▶ **Task objective**
Return the run of lines below that opens with the line containing "X40800000Y-30065000D03*" and closes with the line containing "X42658207Y-32286485D01*", keeping each one exact.

(Data excerpts)
-=-=-=-=-

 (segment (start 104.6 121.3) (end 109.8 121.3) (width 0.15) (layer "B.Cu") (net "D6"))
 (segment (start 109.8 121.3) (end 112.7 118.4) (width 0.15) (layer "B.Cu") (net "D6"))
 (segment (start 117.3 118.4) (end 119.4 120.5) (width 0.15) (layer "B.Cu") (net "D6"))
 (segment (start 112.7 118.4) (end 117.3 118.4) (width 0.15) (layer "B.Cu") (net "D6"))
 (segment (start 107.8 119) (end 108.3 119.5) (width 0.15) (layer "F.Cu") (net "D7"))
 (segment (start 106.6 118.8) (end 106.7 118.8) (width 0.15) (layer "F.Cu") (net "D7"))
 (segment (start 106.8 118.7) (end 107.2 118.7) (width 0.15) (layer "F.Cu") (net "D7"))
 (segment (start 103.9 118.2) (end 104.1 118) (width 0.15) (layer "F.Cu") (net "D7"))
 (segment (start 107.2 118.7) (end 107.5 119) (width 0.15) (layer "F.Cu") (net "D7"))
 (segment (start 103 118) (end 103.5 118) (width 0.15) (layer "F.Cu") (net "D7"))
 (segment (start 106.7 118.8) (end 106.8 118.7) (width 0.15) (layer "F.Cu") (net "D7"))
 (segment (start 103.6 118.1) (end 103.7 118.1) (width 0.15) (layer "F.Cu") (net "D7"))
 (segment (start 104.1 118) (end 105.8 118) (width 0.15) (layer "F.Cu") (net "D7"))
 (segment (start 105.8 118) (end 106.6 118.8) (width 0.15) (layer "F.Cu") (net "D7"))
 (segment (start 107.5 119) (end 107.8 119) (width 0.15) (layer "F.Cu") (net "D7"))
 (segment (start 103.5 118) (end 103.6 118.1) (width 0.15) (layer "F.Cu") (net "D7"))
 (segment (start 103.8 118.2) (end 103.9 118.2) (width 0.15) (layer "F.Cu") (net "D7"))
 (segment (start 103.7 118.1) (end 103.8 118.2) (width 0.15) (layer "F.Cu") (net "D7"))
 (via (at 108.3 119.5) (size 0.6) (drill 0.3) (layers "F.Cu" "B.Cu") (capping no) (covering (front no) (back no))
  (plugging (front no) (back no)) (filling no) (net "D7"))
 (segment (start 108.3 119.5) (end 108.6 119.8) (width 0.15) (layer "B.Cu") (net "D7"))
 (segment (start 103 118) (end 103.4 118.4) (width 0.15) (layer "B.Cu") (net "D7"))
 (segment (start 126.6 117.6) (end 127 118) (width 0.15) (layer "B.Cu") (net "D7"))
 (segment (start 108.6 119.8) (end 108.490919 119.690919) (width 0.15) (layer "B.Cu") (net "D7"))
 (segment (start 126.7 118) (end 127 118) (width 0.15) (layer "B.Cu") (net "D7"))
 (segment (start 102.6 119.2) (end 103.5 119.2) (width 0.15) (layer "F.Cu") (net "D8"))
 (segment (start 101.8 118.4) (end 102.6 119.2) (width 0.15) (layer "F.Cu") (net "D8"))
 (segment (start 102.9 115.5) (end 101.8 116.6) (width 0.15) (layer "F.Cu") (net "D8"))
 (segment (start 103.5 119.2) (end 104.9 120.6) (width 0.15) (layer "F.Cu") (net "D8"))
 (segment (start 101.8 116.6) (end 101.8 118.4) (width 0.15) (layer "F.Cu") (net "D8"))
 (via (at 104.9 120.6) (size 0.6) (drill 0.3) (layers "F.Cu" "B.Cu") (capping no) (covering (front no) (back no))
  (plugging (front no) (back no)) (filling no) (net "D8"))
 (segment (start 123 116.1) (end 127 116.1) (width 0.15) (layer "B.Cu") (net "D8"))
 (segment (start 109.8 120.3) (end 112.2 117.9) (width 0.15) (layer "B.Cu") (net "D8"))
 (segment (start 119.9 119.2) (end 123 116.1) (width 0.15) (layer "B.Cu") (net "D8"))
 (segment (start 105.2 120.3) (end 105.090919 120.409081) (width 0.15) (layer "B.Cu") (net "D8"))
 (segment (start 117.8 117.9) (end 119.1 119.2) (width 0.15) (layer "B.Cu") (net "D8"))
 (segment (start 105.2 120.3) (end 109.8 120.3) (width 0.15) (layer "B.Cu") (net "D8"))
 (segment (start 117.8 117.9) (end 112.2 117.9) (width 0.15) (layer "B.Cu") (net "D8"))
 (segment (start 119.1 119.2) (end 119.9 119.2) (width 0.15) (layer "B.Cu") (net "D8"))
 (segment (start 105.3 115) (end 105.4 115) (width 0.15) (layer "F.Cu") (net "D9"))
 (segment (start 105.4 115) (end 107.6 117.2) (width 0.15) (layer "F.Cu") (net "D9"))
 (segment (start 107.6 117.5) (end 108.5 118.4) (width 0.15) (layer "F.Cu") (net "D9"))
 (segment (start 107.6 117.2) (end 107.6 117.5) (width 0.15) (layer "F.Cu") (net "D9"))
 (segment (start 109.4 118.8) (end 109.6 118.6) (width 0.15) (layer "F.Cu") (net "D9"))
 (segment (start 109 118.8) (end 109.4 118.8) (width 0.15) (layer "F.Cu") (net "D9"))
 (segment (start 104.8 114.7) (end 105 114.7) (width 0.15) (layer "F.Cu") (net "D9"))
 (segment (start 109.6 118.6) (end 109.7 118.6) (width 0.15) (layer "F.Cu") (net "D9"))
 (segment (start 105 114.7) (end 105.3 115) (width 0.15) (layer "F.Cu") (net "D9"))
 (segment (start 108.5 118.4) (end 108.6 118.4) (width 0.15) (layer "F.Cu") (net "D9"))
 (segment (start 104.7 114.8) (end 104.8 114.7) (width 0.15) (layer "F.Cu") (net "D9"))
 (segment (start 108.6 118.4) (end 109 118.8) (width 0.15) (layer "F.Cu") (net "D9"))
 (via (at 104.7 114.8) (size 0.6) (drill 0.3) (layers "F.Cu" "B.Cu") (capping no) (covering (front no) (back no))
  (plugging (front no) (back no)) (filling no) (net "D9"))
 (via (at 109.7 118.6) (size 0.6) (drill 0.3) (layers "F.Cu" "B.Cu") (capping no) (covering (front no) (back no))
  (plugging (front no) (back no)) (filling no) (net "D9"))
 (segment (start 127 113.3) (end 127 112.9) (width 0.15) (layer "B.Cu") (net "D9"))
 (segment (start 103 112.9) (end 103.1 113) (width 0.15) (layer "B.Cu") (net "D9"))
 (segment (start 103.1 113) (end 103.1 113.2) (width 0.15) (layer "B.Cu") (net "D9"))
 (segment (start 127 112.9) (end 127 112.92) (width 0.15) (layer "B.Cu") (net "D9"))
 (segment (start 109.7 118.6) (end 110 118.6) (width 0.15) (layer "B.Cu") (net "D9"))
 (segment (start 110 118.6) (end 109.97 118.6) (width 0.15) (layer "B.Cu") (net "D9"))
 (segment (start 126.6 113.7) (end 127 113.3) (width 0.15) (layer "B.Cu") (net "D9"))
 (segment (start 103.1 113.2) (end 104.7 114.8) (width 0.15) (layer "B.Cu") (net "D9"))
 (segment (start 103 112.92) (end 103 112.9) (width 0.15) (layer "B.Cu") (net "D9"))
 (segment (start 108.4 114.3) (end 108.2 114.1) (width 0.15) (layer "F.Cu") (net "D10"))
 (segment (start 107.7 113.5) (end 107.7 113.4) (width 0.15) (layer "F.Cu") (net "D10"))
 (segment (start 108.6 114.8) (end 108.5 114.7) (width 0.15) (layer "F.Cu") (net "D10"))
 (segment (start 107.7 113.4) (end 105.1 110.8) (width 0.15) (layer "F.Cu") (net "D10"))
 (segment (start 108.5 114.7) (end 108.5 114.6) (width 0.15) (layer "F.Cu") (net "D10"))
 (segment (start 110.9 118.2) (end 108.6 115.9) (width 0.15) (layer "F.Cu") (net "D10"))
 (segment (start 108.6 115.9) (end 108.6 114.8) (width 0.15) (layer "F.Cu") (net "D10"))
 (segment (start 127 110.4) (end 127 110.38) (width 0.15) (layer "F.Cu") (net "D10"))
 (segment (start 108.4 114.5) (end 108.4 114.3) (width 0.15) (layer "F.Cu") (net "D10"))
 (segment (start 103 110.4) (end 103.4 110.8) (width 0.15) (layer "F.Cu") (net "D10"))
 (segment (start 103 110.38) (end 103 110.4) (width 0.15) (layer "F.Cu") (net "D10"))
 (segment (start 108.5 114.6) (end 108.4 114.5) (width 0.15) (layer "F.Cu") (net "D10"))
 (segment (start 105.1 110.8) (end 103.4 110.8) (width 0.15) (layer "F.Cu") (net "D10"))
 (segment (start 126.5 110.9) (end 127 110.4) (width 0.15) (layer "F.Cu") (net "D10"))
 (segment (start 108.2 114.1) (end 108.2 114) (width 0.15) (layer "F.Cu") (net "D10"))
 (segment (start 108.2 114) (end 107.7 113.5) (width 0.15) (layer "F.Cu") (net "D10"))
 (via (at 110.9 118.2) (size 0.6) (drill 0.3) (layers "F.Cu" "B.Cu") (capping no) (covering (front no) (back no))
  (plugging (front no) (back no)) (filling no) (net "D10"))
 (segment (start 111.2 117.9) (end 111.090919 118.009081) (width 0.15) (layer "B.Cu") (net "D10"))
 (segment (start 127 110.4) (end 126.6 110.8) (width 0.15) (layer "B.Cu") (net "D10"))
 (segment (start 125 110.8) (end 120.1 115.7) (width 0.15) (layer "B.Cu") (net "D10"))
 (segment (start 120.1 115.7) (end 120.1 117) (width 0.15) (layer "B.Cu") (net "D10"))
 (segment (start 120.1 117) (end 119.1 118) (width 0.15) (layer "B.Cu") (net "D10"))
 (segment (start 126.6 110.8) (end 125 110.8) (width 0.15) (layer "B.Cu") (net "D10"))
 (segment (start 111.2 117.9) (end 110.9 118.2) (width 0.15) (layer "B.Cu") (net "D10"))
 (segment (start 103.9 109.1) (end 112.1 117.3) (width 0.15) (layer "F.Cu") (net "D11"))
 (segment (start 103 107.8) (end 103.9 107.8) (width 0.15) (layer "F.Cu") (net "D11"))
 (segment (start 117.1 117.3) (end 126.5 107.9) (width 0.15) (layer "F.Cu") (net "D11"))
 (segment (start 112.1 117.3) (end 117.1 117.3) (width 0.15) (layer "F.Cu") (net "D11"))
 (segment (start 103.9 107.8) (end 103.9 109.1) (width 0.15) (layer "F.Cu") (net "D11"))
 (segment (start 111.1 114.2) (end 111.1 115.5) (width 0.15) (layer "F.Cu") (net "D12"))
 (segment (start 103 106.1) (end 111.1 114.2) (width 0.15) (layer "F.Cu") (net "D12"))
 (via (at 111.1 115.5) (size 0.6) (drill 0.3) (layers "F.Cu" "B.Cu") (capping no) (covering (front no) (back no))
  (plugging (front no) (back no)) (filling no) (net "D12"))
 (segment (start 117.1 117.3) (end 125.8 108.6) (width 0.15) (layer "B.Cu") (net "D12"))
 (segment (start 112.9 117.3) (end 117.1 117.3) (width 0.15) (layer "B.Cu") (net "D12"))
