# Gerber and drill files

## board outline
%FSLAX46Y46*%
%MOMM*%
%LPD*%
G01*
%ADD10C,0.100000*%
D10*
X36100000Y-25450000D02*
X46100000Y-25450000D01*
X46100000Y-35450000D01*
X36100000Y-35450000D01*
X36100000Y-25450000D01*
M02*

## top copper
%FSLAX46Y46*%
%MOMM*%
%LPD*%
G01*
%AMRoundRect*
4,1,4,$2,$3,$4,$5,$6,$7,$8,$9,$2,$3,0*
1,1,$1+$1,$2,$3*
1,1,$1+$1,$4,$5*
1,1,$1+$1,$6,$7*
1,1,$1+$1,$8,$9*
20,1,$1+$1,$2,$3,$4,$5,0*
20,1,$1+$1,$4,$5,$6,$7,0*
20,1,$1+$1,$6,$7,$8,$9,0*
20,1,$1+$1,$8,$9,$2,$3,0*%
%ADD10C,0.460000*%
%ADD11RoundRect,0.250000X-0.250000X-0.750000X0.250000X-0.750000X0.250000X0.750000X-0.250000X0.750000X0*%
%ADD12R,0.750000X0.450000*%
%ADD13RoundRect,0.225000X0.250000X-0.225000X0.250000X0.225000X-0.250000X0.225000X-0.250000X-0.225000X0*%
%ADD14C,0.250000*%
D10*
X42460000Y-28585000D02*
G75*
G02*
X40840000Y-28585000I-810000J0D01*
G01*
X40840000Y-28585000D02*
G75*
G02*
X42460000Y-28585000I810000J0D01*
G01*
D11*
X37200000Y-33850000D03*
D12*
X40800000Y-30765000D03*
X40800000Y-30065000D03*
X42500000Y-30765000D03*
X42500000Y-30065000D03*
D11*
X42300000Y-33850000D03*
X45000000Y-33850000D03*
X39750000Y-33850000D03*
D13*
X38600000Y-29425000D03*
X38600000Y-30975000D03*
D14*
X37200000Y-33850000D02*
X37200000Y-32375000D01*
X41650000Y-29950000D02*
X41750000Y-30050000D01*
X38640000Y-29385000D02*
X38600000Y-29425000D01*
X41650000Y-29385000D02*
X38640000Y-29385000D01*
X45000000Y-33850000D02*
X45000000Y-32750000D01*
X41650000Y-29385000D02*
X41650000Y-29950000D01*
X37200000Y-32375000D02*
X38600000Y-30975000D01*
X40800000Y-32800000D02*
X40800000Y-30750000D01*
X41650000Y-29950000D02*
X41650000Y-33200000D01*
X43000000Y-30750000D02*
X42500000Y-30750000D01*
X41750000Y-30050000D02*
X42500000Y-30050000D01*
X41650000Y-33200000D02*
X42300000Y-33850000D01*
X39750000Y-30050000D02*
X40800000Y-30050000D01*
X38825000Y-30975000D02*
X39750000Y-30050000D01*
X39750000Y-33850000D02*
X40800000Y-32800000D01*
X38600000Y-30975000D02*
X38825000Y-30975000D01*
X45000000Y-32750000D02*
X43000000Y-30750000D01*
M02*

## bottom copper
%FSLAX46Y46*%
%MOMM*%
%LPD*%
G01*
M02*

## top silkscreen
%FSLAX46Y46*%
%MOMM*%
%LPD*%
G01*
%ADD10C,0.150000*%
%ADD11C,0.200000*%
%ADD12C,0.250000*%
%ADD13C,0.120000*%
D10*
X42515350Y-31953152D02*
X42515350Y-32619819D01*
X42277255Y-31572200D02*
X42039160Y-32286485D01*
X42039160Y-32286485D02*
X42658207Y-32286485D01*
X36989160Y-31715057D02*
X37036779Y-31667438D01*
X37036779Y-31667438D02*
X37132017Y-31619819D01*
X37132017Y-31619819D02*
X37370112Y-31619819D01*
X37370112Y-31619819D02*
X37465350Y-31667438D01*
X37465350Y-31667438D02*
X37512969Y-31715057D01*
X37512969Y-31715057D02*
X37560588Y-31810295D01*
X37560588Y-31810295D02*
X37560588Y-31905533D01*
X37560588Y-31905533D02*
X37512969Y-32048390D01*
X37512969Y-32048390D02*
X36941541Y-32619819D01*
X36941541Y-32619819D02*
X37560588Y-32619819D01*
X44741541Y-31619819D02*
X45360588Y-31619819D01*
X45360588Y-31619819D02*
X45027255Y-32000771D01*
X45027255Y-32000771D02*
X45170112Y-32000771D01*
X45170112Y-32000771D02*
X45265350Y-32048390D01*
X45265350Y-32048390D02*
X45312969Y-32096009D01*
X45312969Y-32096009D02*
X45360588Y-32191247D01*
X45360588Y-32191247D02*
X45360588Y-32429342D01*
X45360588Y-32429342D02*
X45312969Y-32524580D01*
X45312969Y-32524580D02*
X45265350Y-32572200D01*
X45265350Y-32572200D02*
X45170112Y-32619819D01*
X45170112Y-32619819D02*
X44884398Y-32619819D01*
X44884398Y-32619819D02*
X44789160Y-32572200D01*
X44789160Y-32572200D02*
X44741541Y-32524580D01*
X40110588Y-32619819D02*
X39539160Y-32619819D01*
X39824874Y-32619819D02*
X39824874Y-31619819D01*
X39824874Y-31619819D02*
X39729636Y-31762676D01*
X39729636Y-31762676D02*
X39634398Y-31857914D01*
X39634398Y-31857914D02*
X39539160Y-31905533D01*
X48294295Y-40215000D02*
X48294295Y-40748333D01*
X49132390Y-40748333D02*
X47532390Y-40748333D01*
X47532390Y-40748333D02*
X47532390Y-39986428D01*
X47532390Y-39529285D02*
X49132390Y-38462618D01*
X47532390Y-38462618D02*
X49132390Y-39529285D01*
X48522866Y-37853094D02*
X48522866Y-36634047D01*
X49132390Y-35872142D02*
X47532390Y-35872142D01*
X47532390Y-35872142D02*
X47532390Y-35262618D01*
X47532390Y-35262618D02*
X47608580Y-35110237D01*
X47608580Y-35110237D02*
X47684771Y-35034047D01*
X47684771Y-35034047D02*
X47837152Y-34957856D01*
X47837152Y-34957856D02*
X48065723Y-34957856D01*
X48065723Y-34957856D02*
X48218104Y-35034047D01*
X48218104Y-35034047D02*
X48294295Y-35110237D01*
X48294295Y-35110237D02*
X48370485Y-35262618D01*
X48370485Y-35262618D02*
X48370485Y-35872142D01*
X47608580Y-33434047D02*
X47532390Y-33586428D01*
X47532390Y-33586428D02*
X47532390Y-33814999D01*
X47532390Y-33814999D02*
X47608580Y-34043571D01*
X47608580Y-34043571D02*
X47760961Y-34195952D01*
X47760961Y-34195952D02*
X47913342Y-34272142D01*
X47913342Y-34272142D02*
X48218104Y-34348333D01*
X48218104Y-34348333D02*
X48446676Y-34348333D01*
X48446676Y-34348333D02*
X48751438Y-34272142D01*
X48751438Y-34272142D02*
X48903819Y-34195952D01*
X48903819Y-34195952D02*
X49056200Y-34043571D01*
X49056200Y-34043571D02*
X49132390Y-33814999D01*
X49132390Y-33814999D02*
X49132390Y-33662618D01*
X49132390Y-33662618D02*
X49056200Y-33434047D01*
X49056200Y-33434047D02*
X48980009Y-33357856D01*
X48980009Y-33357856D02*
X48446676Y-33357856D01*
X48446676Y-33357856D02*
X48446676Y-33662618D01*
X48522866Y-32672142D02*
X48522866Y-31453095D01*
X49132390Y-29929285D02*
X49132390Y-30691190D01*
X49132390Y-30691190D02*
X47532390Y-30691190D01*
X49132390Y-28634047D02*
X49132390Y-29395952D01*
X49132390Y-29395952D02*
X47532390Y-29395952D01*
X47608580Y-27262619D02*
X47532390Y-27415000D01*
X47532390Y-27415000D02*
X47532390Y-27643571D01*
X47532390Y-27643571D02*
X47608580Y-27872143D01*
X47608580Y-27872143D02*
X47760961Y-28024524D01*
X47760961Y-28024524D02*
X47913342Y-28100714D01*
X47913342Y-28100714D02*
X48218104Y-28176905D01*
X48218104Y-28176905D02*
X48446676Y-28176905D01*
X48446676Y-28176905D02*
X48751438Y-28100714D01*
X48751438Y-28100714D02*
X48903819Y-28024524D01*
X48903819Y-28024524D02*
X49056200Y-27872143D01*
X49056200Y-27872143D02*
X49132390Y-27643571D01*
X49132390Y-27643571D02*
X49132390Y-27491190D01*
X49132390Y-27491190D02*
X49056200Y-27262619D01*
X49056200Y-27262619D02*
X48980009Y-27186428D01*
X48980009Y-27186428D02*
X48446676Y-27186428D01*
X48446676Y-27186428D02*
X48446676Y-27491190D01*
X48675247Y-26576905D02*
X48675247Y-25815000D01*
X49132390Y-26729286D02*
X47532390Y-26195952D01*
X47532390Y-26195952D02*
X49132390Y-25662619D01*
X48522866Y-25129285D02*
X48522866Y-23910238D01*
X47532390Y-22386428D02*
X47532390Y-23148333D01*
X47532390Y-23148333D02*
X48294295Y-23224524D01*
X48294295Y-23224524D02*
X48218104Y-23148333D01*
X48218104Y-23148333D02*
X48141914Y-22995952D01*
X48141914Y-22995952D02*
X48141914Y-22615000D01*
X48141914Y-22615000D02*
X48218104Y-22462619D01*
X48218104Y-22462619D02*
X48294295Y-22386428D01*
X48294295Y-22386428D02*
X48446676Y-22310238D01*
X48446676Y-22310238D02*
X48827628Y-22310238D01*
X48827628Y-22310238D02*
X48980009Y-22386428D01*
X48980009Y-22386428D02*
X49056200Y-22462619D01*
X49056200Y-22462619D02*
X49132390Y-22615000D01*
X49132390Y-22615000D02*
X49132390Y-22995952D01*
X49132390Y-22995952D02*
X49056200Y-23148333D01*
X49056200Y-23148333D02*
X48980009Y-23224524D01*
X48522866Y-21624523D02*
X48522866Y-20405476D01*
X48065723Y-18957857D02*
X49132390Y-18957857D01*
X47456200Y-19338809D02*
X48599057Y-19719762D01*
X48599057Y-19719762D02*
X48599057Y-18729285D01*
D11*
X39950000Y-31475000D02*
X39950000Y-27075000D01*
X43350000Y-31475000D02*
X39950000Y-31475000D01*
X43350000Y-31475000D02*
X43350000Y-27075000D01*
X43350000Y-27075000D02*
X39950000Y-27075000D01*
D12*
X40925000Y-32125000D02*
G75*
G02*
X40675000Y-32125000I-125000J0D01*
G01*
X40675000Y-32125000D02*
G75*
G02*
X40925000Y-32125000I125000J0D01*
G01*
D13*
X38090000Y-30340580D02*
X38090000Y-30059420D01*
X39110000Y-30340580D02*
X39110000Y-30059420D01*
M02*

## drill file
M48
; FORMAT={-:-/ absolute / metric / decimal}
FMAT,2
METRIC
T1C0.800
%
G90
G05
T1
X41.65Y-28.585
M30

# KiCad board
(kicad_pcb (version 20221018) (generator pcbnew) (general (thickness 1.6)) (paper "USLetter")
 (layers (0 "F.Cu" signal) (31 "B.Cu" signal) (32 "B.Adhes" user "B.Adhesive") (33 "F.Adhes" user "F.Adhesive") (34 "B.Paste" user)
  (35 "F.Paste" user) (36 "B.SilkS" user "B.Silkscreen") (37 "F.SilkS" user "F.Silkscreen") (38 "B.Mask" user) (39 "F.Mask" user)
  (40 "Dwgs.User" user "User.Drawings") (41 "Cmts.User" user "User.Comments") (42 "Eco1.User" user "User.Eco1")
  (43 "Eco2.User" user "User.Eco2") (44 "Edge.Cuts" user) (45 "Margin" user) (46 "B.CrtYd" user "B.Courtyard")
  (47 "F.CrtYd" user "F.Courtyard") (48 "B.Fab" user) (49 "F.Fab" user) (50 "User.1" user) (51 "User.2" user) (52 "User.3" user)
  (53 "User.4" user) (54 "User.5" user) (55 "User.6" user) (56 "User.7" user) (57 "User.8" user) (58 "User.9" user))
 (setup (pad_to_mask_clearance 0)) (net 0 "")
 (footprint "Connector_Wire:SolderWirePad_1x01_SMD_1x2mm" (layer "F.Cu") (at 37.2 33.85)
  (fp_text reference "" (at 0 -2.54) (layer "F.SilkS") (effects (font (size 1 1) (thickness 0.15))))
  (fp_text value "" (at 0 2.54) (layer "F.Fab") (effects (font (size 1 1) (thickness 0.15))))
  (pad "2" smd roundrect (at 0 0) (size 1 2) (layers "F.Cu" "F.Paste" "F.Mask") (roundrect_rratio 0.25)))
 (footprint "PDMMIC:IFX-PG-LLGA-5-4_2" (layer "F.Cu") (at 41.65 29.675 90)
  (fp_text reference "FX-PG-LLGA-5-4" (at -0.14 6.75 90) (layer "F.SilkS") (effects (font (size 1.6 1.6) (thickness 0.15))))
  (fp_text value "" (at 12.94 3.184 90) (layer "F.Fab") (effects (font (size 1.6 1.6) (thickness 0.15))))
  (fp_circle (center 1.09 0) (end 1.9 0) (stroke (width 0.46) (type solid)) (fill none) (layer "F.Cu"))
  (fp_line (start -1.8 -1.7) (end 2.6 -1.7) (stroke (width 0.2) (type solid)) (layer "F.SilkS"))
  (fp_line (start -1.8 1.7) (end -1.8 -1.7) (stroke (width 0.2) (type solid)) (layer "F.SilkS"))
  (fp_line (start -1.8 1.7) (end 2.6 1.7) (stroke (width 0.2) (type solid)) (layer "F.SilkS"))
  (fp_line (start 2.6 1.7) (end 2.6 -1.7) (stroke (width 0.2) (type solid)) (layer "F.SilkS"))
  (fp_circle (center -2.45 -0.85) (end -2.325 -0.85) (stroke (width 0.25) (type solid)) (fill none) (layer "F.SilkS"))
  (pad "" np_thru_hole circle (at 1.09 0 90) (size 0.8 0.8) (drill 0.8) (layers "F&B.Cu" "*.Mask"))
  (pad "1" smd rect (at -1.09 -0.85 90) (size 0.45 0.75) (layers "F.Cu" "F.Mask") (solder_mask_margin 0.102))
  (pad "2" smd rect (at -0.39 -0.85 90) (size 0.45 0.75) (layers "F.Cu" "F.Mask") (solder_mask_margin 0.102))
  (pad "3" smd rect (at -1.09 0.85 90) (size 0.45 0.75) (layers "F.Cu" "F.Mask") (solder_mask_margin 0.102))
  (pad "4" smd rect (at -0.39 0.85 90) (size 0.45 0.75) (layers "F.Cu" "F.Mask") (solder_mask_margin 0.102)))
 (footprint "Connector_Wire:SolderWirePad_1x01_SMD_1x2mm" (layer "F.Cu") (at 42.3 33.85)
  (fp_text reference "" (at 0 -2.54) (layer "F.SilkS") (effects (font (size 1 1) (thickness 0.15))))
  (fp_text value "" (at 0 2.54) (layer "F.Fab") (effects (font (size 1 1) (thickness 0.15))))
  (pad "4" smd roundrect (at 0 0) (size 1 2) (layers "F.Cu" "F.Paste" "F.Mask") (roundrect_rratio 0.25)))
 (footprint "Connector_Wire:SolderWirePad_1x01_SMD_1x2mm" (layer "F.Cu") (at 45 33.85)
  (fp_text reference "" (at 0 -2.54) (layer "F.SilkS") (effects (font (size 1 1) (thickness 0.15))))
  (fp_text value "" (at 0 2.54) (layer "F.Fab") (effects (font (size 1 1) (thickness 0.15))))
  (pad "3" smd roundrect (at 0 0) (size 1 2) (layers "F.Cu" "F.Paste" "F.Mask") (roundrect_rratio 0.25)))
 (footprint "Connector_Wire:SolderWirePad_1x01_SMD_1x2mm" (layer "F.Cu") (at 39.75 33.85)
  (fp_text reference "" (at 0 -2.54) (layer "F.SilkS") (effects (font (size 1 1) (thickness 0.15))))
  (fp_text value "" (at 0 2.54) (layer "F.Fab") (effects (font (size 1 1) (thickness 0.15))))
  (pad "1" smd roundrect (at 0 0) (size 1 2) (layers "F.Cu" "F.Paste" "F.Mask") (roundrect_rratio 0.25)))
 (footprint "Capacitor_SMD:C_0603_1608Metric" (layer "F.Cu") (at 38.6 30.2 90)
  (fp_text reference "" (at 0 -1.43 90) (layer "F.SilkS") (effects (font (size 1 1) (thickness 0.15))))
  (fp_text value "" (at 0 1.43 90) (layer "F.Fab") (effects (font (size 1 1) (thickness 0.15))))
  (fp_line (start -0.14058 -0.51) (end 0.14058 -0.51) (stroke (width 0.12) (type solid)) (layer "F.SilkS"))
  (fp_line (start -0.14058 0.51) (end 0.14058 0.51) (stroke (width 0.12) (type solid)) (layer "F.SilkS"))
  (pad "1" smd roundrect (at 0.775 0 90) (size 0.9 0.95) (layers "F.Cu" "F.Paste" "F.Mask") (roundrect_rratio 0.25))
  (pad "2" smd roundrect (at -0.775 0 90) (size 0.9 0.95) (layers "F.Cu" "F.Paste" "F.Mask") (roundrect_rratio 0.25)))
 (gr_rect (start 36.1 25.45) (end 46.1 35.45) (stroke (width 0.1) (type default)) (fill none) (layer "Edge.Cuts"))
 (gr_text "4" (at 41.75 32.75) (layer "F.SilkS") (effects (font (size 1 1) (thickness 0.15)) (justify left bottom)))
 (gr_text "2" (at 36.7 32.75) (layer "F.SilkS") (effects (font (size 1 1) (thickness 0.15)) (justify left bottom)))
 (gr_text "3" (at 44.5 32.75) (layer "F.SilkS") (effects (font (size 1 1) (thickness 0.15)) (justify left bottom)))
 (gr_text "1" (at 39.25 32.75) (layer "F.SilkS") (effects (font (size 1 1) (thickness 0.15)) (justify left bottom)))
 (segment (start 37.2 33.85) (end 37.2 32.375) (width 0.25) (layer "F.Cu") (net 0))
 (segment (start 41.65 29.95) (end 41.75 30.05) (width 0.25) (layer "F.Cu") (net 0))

-=-=-=-=-

▶ **Solution to this exercise**
X40800000Y-30065000D03*
X42500000Y-30765000D03*
X42500000Y-30065000D03*
D11*
X42300000Y-33850000D03*
X45000000Y-33850000D03*
X39750000Y-33850000D03*
D13*
X38600000Y-29425000D03*
X38600000Y-30975000D03*
D14*
X37200000Y-33850000D02*
X37200000Y-32375000D01*
X41650000Y-29950000D02*
X41750000Y-30050000D01*
X38640000Y-29385000D02*
X38600000Y-29425000D01*
X41650000Y-29385000D02*
X38640000Y-29385000D01*
X45000000Y-33850000D02*
X45000000Y-32750000D01*
X41650000Y-29385000D02*
X41650000Y-29950000D01*
X37200000Y-32375000D02*
X38600000Y-30975000D01*
X40800000Y-32800000D02*
X40800000Y-30750000D01*
X41650000Y-29950000D02*
X41650000Y-33200000D01*
X43000000Y-30750000D02*
X42500000Y-30750000D01*
X41750000Y-30050000D02*
X42500000Y-30050000D01*
X41650000Y-33200000D02*
X42300000Y-33850000D01*
X39750000Y-30050000D02*
X40800000Y-30050000D01*
X38825000Y-30975000D02*
X39750000Y-30050000D01*
X39750000Y-33850000D02*
X40800000Y-32800000D01*
X38600000Y-30975000D02*
X38825000Y-30975000D01*
X45000000Y-32750000D02*
X43000000Y-30750000D01*
M02*

## bottom copper
%FSLAX46Y46*%
%MOMM*%
%LPD*%
G01*
M02*

## top silkscreen
%FSLAX46Y46*%
%MOMM*%
%LPD*%
G01*
%ADD10C,0.150000*%
%ADD11C,0.200000*%
%ADD12C,0.250000*%
%ADD13C,0.120000*%
D10*
X42515350Y-31953152D02*
X42515350Y-32619819D01*
X42277255Y-31572200D02*
X42039160Y-32286485D01*
X42039160Y-32286485D02*
X42658207Y-32286485D01*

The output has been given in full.